• ingilizce'de coffee nap olarak bilinen, eğer düzgün yapılabilirse oldukça etkili olan bir dinlenme yöntemidir.

    kahve uykusu aslında çok basittir.

    diyelim ki uykunuz gelmeye başladı ve siz uykunuzu açması için kahve içmek istiyorsunuz. yaptığınız kahveyi içtikten hemen sonra uyuyup yaklaşık 20 dakika sonra uyanırsanız hem sadece 20 dakika uyumaktan hem de sadece kahve içmekten çok daha zihniniz açık bir biçimde uyanırsınız. kahveyi içip, 20 dakika uyuyup uyanmak sadece kahve içmekten çok daha etkili bir uyku açma yöntemidir.

    peki neden?

    günlük hayatta beynimizi kullandığımız zaman beynimizde yavaş yavaş adenozin isminde bir molekül birikiyor. bu molekül beyin hücrelerimdizdeki reseptörlere bağlanıp beyin hücrelerinin çalışmasını yavaşlatıyor. böylelikle de beyinde biriken adenozin kişinin düşünmesini güçleştiriyor. yani zihin yorgunluğu demek aslında düşünce güçlüğü çekmek, düşünce güçlüğü çekmek de beyinde adenozin birikmesi demek. uyuduğumuz zaman beyin hücrelerimizdeki reseptörlere bağlanan adenozin bağlantısı kesiliyor ve böylelikle uyandığımızda düşünmekte güçlük çekmiyoruz. bu yüzden uykudan uyanınca zihnimiz uykulu halimize göre açık oluyor.

    kahve dediğimiz şeyin zihnimizi açmasının sebebi ise kahvenin içinde adenozine oldukça benzeyen ancak adenozin aksine düşünceyi yavaşlatmayan kafein isminde bir molekül olması.

    kafein yapı olarak adenozin molekülüne benzediği için tıpkı adenozin gibi beyin hücrelerinin reseptörlerine bağlanıp adenozin moleküllerinin o hücrelere bağlanmasına engel oluyor ve adenozin molekülleri o hücrelere bağlanmayınca da zihnimiz yavaşlamıyor. bu durum kafein moleküllerinin hücreler ile bağı kopana dek sürüyor.

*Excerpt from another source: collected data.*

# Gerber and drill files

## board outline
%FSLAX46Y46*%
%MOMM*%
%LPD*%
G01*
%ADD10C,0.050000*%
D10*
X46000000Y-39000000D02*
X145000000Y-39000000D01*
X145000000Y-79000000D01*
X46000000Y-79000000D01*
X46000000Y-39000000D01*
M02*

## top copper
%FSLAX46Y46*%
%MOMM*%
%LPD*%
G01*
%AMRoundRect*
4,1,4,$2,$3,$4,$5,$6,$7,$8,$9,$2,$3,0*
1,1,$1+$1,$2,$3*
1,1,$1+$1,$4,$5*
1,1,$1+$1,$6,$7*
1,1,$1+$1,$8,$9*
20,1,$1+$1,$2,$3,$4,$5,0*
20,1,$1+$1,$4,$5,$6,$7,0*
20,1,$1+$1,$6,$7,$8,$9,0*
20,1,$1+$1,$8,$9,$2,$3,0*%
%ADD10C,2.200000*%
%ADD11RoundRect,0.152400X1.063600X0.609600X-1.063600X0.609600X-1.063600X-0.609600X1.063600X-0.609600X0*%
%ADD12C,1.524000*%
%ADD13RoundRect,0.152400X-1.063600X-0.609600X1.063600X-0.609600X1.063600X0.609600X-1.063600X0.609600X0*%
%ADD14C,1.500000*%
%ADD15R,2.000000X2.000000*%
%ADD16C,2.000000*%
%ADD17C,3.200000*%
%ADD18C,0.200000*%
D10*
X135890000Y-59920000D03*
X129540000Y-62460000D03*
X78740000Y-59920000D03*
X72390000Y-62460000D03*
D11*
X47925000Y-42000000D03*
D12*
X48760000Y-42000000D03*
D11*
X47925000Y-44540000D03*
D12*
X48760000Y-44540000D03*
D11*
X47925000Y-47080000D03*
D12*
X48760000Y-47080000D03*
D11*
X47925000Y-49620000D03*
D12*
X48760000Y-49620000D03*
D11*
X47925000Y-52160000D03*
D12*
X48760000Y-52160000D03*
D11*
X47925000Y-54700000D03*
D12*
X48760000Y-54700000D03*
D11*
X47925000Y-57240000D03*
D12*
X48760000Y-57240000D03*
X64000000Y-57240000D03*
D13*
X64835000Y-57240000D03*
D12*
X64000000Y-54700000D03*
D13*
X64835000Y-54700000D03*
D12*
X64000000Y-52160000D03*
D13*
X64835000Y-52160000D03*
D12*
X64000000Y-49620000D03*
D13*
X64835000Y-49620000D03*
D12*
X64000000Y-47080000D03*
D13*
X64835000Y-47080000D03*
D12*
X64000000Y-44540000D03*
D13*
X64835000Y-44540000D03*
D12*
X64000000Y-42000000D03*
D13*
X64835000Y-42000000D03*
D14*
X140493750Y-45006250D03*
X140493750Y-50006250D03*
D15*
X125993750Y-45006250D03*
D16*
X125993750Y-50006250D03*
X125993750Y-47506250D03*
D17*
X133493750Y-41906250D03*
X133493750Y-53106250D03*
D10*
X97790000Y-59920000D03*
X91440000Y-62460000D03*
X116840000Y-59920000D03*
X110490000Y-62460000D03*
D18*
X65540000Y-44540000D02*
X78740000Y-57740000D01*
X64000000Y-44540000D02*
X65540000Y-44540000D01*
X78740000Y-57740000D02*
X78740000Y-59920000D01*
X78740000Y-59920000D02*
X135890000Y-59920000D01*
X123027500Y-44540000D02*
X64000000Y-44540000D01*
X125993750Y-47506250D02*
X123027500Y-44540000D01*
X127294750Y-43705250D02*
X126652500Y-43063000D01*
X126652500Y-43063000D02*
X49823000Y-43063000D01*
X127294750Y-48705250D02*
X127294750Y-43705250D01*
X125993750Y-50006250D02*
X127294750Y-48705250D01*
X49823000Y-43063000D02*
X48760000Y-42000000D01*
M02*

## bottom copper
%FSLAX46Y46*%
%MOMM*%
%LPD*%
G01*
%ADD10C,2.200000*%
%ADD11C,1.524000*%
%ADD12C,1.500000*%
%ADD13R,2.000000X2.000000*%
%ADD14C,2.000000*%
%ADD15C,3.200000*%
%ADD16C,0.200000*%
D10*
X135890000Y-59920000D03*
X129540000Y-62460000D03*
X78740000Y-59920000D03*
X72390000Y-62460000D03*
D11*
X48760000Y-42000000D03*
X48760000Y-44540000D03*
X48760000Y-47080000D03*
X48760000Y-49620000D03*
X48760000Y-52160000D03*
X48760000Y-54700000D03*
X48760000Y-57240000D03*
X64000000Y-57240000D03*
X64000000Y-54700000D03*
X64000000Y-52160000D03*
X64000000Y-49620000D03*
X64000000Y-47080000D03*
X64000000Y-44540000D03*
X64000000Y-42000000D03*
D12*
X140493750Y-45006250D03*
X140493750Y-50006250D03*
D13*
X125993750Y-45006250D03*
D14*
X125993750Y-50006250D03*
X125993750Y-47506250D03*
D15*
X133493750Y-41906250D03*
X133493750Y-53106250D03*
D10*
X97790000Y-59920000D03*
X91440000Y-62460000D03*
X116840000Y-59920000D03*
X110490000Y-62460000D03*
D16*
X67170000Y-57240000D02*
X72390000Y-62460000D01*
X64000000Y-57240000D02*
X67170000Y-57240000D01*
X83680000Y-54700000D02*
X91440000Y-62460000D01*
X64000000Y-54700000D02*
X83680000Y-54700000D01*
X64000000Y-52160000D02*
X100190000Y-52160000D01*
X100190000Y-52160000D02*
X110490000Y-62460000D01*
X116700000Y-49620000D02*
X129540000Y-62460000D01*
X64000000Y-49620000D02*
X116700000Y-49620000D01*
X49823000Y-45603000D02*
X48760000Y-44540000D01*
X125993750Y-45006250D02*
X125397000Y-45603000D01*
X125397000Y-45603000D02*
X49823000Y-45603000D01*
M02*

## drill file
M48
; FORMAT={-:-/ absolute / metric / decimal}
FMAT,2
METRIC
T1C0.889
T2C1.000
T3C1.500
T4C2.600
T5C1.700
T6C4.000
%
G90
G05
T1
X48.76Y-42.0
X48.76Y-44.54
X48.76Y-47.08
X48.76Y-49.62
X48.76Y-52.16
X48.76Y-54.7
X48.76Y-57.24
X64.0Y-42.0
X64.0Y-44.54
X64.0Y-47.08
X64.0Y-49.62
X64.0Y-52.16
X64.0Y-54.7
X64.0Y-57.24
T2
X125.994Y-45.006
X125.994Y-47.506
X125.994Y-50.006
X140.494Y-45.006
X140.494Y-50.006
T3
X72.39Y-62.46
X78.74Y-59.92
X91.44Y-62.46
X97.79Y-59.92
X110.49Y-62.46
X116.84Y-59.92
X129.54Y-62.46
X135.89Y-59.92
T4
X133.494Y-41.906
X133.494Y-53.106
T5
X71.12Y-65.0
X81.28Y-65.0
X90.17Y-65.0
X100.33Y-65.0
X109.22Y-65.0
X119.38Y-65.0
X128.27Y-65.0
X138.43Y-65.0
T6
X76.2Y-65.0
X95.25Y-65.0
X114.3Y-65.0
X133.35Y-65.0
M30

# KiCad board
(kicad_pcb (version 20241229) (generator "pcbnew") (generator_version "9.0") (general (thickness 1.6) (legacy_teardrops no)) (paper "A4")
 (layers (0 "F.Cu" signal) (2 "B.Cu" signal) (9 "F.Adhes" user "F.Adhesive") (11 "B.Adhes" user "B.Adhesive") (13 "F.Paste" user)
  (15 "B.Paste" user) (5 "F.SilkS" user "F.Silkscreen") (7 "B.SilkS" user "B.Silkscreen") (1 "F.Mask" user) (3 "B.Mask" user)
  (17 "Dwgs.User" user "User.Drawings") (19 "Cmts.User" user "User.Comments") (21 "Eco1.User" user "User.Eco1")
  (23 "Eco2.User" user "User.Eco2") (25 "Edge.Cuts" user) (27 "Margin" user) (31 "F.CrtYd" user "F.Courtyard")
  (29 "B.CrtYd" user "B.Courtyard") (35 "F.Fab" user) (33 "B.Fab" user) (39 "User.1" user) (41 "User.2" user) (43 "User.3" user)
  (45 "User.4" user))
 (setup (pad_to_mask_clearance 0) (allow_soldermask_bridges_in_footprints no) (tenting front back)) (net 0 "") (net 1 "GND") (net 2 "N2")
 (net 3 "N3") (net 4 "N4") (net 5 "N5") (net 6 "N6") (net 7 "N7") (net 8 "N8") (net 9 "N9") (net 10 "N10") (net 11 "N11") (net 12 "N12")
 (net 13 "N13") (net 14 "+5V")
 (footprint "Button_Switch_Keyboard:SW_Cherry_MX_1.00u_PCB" (layer "F.Cu") (at 135.89 59.92)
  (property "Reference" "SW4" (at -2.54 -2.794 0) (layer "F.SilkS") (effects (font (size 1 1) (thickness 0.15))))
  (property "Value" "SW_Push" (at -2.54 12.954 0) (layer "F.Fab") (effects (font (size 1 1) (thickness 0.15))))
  (pad "" np_thru_hole circle (at -7.62 5.08) (size 1.7 1.7) (drill 1.7) (layers "*.Cu" "*.Mask"))
  (pad "" np_thru_hole circle (at -2.54 5.08) (size 4 4) (drill 4) (layers "*.Cu" "*.Mask"))
  (pad "" np_thru_hole circle (at 2.54 5.08) (size 1.7 1.7) (drill 1.7) (layers "*.Cu" "*.Mask"))
  (pad "1" thru_hole circle (at 0 0) (size 2.2 2.2) (drill 1.5) (layers "*.Cu" "*.Mask") (remove_unused_layers no) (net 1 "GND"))
  (pad "2" thru_hole circle (at -6.35 2.54) (size 2.2 2.2) (drill 1.5) (layers "*.Cu" "*.Mask") (remove_unused_layers no) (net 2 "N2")))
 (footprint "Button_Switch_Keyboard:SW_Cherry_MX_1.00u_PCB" (layer "F.Cu") (at 78.74 59.92)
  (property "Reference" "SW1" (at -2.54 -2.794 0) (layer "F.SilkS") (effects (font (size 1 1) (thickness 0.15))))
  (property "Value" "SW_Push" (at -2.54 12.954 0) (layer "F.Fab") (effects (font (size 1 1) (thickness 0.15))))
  (pad "" np_thru_hole circle (at -7.62 5.08) (size 1.7 1.7) (drill 1.7) (layers "*.Cu" "*.Mask"))
  (pad "" np_thru_hole circle (at -2.54 5.08) (size 4 4) (drill 4) (layers "*.Cu" "*.Mask"))
  (pad "" np_thru_hole circle (at 2.54 5.08) (size 1.7 1.7) (drill 1.7) (layers "*.Cu" "*.Mask"))
  (pad "1" thru_hole circle (at 0 0) (size 2.2 2.2) (drill 1.5) (layers "*.Cu" "*.Mask") (remove_unused_layers no) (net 1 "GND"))
  (pad "2" thru_hole circle (at -6.35 2.54) (size 2.2 2.2) (drill 1.5) (layers "*.Cu" "*.Mask") (remove_unused_layers no) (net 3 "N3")))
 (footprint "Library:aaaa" (layer "F.Cu") (at 55.52 69.87)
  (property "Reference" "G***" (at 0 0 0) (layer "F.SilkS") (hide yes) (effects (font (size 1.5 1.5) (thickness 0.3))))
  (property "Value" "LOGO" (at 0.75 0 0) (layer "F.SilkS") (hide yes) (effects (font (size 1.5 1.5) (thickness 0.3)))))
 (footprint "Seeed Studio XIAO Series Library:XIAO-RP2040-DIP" (layer "F.Cu") (at 56.38 49.62)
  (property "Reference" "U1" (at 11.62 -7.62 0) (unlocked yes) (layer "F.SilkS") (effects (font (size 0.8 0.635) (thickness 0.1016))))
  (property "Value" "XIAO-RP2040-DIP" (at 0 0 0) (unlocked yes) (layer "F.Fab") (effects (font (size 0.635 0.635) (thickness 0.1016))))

    adenozin ve kafein yapısı

    şimdi şöyle bir durum var.

    eğer yorgunsak ve zaten beyin hücrelerimizin çoğuna adenozin bağlanmışsa kahve içtiğimiz zaman kafein molekülleri bağlanabilecek bir hücre bulamadıkları için pek işe yaramıyorlar.

    bir bardak espresso içtiğimizi düşünelim. bu espressonun kanımıza karışıp, kafeinin beynimize varması yaklaşık 20 dakika sürer.

    eğer bir bardak espresso içip 20 dakika boyunca uyursak, bu süre zarfında beyin hücrelerine bağlanan adenozin moleküllerinin bir kısmının bağı uyku sayesinde kopuyor ve biz tam 20 dakika sonra uyandığımızda kafein molekülleri beyne ulaşıp henüz temizlenmiş olan beyin hücrelerine bağlanabiliyor.

    kafein bu hücrelere bağlandığında da o hücrelerden kopardığımız adenozin molekülleri tekrar gelip o hücrelere bağlanamıyorlar. böylelikle tam teşekküllü bir uyku çekmeden önce gün içinde bir süre daha idare edebilecek kadar zihnimizi açmış oluyoruz.

    bu olay gece araba süren deneklerde deneniyor ve kahve uykusu yöntemini kullananların sadece kahve içenlerden ya da sadece şekerleme yapanlardan daha dikkatli oldukları gözleniyor.

    ileri okuma için:

    reasearchgate makale

    konu hakkında video
  • tamamen rastlantısal olarak bulduğum ve uzun zamandır kullandığım bir yöntemdi. bir de ismi varmış! vay canına!

    gece 8-9 saat uyumaktansa, 4-5 saat uyuyup, öğlen yarım saat siesta yapmak mesela. müthiş işe yarar. uykularınızın verimini artırır. kafanızı koydunuz mu uyursunuz şakkadanak. bilimsel dayanağım falan yok, kahve uykusunu kendi kendine çözen birine kulak verirsiniz belki.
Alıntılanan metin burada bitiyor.